Сказал так, хотя на самом деле ему почудилось, будто он что-то услышал. Гул множества накладывающихся друг на друга голосов, как в огромном зале ожидания. Одни нетерпеливо, другие сонно, на одной ноте пересказывали нескончаемо длинную историю. Да-да, ему даже послышалось что-то вроде детского плача и отдаленного собачьего лая. Он недоуменно глядел на телефонную трубку, точно в ожидании объяснений. Видеоклип. Телевидение в телефоне. Он снова тихонько хихикнул. Должно быть, она перехватила его изумленный взгляд, потому что, подойдя, вырвала трубку и приложила к уху.
— Треск один, — сказала.
Когда они уже сидели каждый в своем кресле, он вдруг испугался, что она начнет причитать, снова вспомнит дочь, которая вчера, еще до того, как всему случиться, преспокойно уехала автобусом в Варшаву. Уехала, прежде чем в небе разлилось это буроватое свечение, а люди, предупреждая друг друга и ссылаясь на какие-то сообщения, бросились по домам. Бежали с поднятыми, как в дождь, воротниками.

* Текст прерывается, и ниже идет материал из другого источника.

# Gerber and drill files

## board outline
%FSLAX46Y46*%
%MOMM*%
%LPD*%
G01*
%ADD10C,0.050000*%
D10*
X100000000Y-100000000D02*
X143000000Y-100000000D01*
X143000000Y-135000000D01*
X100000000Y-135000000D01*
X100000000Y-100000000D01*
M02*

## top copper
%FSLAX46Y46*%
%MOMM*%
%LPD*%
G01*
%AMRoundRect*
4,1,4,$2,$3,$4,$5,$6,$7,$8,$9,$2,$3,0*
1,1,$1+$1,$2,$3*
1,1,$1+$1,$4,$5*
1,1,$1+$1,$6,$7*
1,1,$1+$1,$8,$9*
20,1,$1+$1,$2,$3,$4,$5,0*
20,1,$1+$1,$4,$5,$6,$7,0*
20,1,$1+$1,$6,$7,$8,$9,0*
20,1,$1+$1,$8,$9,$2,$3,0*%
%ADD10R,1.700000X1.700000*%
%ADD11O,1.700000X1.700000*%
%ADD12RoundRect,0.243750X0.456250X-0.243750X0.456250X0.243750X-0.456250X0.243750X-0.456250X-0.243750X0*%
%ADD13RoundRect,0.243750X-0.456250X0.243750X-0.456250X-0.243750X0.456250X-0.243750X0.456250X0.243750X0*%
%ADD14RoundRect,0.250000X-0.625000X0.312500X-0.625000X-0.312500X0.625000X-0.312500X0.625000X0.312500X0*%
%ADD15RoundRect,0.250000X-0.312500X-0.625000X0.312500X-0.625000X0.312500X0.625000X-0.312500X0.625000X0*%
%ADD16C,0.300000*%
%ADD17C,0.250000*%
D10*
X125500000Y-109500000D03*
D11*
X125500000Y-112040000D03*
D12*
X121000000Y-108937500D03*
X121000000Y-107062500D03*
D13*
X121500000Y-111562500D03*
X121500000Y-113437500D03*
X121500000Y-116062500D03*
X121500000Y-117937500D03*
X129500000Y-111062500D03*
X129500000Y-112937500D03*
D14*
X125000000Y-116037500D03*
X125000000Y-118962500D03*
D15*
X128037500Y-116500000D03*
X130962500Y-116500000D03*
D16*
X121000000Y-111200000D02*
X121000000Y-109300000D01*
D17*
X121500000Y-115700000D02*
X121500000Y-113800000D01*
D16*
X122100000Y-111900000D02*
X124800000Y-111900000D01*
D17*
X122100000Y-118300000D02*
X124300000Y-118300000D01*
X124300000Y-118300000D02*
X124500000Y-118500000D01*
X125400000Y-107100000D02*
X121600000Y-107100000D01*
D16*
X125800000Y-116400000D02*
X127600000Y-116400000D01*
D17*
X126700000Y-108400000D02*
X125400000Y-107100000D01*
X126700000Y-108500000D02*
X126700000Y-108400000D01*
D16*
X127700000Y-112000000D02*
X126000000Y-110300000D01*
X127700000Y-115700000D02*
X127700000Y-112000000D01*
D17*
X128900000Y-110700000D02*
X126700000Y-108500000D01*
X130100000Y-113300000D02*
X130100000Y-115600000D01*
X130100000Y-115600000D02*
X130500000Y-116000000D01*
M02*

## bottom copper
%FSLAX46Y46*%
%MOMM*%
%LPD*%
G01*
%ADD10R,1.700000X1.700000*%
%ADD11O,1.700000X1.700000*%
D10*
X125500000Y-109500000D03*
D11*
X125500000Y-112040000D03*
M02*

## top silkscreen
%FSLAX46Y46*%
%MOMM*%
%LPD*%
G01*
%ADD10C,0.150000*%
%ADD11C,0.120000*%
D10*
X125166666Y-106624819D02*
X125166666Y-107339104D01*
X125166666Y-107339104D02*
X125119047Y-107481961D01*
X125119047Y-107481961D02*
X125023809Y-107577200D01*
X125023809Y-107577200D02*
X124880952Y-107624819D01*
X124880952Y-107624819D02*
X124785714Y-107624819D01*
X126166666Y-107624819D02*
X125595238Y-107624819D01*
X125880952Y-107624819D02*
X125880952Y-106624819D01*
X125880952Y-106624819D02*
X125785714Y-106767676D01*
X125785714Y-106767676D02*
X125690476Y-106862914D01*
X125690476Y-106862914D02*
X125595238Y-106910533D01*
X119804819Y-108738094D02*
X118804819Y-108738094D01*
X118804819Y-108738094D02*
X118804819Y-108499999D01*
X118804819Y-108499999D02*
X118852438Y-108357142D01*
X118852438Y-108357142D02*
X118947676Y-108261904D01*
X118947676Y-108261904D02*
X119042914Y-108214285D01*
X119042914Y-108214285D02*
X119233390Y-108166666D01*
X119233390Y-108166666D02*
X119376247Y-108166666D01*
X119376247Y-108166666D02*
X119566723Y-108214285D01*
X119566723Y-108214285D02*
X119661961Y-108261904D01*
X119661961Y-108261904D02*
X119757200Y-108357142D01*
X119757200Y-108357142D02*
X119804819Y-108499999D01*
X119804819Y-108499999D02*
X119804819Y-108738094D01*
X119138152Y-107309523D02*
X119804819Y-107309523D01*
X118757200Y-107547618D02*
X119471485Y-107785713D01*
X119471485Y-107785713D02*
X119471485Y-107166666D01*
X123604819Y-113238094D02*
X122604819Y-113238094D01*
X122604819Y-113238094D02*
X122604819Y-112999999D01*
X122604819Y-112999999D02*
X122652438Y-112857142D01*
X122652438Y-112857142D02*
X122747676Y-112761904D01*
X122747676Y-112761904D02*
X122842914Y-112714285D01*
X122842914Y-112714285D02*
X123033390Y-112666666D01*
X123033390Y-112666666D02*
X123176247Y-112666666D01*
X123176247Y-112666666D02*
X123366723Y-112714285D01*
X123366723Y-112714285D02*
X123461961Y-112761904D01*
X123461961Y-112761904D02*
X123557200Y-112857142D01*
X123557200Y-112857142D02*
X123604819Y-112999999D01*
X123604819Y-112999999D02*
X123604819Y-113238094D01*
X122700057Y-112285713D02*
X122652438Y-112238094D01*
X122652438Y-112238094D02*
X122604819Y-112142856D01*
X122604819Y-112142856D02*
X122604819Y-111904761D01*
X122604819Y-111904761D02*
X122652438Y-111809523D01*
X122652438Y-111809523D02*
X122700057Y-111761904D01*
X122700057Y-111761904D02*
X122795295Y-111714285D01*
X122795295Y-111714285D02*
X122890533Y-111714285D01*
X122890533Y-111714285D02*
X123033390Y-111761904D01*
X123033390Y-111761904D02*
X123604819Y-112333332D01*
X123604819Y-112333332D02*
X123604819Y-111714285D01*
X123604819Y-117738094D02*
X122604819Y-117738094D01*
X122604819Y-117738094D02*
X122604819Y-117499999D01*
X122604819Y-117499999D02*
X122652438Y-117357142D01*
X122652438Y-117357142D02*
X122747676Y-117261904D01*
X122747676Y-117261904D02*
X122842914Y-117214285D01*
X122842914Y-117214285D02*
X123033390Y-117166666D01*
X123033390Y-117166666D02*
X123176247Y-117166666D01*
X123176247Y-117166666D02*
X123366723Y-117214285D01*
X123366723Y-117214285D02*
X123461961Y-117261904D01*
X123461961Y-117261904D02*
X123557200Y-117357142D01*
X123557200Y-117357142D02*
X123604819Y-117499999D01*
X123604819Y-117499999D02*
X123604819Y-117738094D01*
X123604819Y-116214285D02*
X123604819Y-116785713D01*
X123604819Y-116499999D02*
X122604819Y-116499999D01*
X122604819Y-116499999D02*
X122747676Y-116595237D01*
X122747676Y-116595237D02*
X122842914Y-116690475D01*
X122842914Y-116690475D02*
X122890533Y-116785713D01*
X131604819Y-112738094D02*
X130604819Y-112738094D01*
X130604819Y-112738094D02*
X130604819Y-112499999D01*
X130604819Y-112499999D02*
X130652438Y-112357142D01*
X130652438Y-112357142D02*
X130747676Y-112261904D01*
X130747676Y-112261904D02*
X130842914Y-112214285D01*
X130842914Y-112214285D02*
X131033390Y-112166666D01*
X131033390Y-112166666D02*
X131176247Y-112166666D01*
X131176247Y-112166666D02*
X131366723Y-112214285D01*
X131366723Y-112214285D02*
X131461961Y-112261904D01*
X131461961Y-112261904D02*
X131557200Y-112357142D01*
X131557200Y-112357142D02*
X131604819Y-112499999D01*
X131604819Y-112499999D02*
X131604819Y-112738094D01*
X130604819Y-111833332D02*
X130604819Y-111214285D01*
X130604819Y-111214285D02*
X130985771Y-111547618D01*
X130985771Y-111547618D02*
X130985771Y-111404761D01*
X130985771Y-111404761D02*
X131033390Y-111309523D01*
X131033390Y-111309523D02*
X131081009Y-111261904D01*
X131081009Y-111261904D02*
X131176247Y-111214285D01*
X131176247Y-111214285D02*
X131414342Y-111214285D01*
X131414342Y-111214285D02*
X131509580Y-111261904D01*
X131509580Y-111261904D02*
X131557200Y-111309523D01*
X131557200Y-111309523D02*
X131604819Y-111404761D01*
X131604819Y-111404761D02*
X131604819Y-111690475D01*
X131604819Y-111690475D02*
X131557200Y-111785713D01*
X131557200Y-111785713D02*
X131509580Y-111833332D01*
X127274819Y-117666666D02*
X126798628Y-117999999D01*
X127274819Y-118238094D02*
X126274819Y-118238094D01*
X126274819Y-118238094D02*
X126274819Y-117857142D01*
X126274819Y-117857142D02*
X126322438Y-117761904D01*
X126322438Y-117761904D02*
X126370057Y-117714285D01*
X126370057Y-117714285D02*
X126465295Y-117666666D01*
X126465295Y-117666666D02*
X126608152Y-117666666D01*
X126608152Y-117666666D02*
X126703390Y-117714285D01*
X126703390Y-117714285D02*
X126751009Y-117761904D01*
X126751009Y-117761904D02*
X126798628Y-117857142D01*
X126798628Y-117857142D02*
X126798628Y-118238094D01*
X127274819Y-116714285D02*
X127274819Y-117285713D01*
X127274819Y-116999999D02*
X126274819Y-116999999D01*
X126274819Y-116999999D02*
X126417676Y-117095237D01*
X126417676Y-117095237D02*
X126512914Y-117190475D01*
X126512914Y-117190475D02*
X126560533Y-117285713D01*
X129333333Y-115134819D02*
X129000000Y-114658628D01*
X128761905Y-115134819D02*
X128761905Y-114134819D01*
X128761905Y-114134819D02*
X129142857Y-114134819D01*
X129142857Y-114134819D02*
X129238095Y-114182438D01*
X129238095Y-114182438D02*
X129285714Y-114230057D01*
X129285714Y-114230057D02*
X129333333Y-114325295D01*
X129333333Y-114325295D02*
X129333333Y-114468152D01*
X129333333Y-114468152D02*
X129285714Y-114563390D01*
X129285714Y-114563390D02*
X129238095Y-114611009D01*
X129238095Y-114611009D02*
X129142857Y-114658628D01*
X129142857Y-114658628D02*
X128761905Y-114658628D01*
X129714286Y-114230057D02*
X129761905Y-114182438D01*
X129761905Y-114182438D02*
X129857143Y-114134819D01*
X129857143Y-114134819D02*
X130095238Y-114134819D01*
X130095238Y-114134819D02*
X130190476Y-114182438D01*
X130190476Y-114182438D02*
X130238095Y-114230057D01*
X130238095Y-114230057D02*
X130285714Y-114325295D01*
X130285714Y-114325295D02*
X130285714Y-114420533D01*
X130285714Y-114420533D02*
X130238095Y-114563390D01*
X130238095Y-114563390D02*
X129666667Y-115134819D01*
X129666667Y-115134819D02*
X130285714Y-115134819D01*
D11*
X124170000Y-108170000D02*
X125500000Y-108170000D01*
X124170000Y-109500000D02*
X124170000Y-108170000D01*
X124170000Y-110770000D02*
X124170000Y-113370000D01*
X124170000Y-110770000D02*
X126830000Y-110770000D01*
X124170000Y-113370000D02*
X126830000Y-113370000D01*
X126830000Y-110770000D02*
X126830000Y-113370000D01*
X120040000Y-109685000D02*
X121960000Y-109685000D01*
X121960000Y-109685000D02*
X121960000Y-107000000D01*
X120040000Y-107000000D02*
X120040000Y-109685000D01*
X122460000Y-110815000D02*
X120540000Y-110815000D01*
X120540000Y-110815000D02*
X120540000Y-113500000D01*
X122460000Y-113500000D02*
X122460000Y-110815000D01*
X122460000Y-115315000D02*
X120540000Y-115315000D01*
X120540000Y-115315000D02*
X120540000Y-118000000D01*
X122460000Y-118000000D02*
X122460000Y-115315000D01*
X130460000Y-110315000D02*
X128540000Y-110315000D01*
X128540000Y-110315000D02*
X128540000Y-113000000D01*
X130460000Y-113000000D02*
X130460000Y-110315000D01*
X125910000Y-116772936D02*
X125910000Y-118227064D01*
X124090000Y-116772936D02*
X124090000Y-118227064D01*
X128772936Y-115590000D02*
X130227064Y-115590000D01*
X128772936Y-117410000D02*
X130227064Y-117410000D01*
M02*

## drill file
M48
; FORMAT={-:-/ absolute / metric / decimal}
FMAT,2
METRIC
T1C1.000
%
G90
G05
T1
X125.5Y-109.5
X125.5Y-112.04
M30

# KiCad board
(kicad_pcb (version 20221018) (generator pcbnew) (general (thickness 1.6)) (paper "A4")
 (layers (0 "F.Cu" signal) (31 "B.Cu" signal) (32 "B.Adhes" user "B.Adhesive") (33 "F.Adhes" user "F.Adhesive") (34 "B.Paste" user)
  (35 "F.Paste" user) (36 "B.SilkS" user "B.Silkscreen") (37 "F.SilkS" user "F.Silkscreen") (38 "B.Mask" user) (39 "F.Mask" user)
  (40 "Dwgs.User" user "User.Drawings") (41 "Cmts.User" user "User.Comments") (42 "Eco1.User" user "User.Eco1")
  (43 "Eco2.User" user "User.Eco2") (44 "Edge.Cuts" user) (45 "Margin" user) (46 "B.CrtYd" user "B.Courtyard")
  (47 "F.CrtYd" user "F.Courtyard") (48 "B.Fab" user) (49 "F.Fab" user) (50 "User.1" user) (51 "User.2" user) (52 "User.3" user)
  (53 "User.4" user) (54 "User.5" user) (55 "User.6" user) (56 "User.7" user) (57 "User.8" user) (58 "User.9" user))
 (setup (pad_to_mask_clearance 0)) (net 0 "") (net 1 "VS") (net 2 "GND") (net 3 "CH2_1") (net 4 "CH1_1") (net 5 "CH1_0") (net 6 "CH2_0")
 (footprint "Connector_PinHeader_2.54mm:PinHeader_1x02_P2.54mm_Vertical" (layer "F.Cu") (at 125.5 109.5)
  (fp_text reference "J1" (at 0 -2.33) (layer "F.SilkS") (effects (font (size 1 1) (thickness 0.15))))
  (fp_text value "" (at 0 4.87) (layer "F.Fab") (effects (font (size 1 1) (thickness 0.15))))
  (fp_line (start -1.33 -1.33) (end 0 -1.33) (stroke (width 0.12) (type solid)) (layer "F.SilkS"))
  (fp_line (start -1.33 0) (end -1.33 -1.33) (stroke (width 0.12) (type solid)) (layer "F.SilkS"))
  (fp_line (start -1.33 1.27) (end -1.33 3.87) (stroke (width 0.12) (type solid)) (layer "F.SilkS"))
  (fp_line (start -1.33 1.27) (end 1.33 1.27) (stroke (width 0.12) (type solid)) (layer "F.SilkS"))
  (fp_line (start -1.33 3.87) (end 1.33 3.87) (stroke (width 0.12) (type solid)) (layer "F.SilkS"))
  (fp_line (start 1.33 1.27) (end 1.33 3.87) (stroke (width 0.12) (type solid)) (layer "F.SilkS"))
  (pad "1" thru_hole rect (at 0 0) (size 1.7 1.7) (drill 1) (layers "*.Cu" "*.Mask") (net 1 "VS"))
  (pad "2" thru_hole oval (at 0 2.54) (size 1.7 1.7) (drill 1) (layers "*.Cu" "*.Mask") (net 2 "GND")))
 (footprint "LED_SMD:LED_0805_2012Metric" (layer "F.Cu") (at 121 108 90)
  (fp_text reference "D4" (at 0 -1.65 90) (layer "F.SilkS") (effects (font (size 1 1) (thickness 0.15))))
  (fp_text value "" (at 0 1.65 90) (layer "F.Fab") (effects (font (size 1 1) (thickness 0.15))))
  (fp_line (start -1.685 -0.96) (end -1.685 0.96) (stroke (width 0.12) (type solid)) (layer "F.SilkS"))
  (fp_line (start -1.685 0.96) (end 1 0.96) (stroke (width 0.12) (type solid)) (layer "F.SilkS"))
  (fp_line (start 1 -0.96) (end -1.685 -0.96) (stroke (width 0.12) (type solid)) (layer "F.SilkS"))
  (pad "1" smd roundrect (at -0.9375 0 90) (size 0.975 1.4) (layers "F.Cu" "F.Paste" "F.Mask") (roundrect_rratio 0.25) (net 2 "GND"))
  (pad "2" smd roundrect (at 0.9375 0 90) (size 0.975 1.4) (layers "F.Cu" "F.Paste" "F.Mask") (roundrect_rratio 0.25) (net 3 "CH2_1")))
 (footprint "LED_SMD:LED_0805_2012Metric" (layer "F.Cu") (at 121.5 112.5 -90)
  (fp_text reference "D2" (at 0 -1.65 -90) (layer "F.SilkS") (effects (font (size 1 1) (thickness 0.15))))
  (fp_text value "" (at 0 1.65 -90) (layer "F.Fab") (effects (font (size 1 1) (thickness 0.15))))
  (fp_line (start -1.685 -0.96) (end -1.685 0.96) (stroke (width 0.12) (type solid)) (layer "F.SilkS"))
  (fp_line (start -1.685 0.96) (end 1 0.96) (stroke (width 0.12) (type solid)) (layer "F.SilkS"))
  (fp_line (start 1 -0.96) (end -1.685 -0.96) (stroke (width 0.12) (type solid)) (layer "F.SilkS"))
  (pad "1" smd roundrect (at -0.9375 0 270) (size 0.975 1.4) (layers "F.Cu" "F.Paste" "F.Mask") (roundrect_rratio 0.25) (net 2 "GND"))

— Ну, точно военное положение, — вполголоса сказал он. Он вдруг пожалел, что ему не довелось пройти испытание войной (о Второй мировой он мало что помнил, был еще маленьким), пережить серьезный катаклизм (ну было однажды наводнение, но это другое). Ему только помнился тот суррогат войны, каким было военное положение.
— Что ты там бормочешь?
— Ничего.
— Я ведь слышала, ты что-то сказал.
— Как во время военного положения, говорю. Жалею, что не довелось пережить ни одной войны, возможно, был бы теперь выносливее.
Она запрокинула голову, и он увидел ее шею — белую, полную, разлинованную влажными полосками, похожими на тонюсенькие серебряные цепочки. Ему знаком был этот ее жест. Сейчас скажет: «Ой, не смешите меня, люди».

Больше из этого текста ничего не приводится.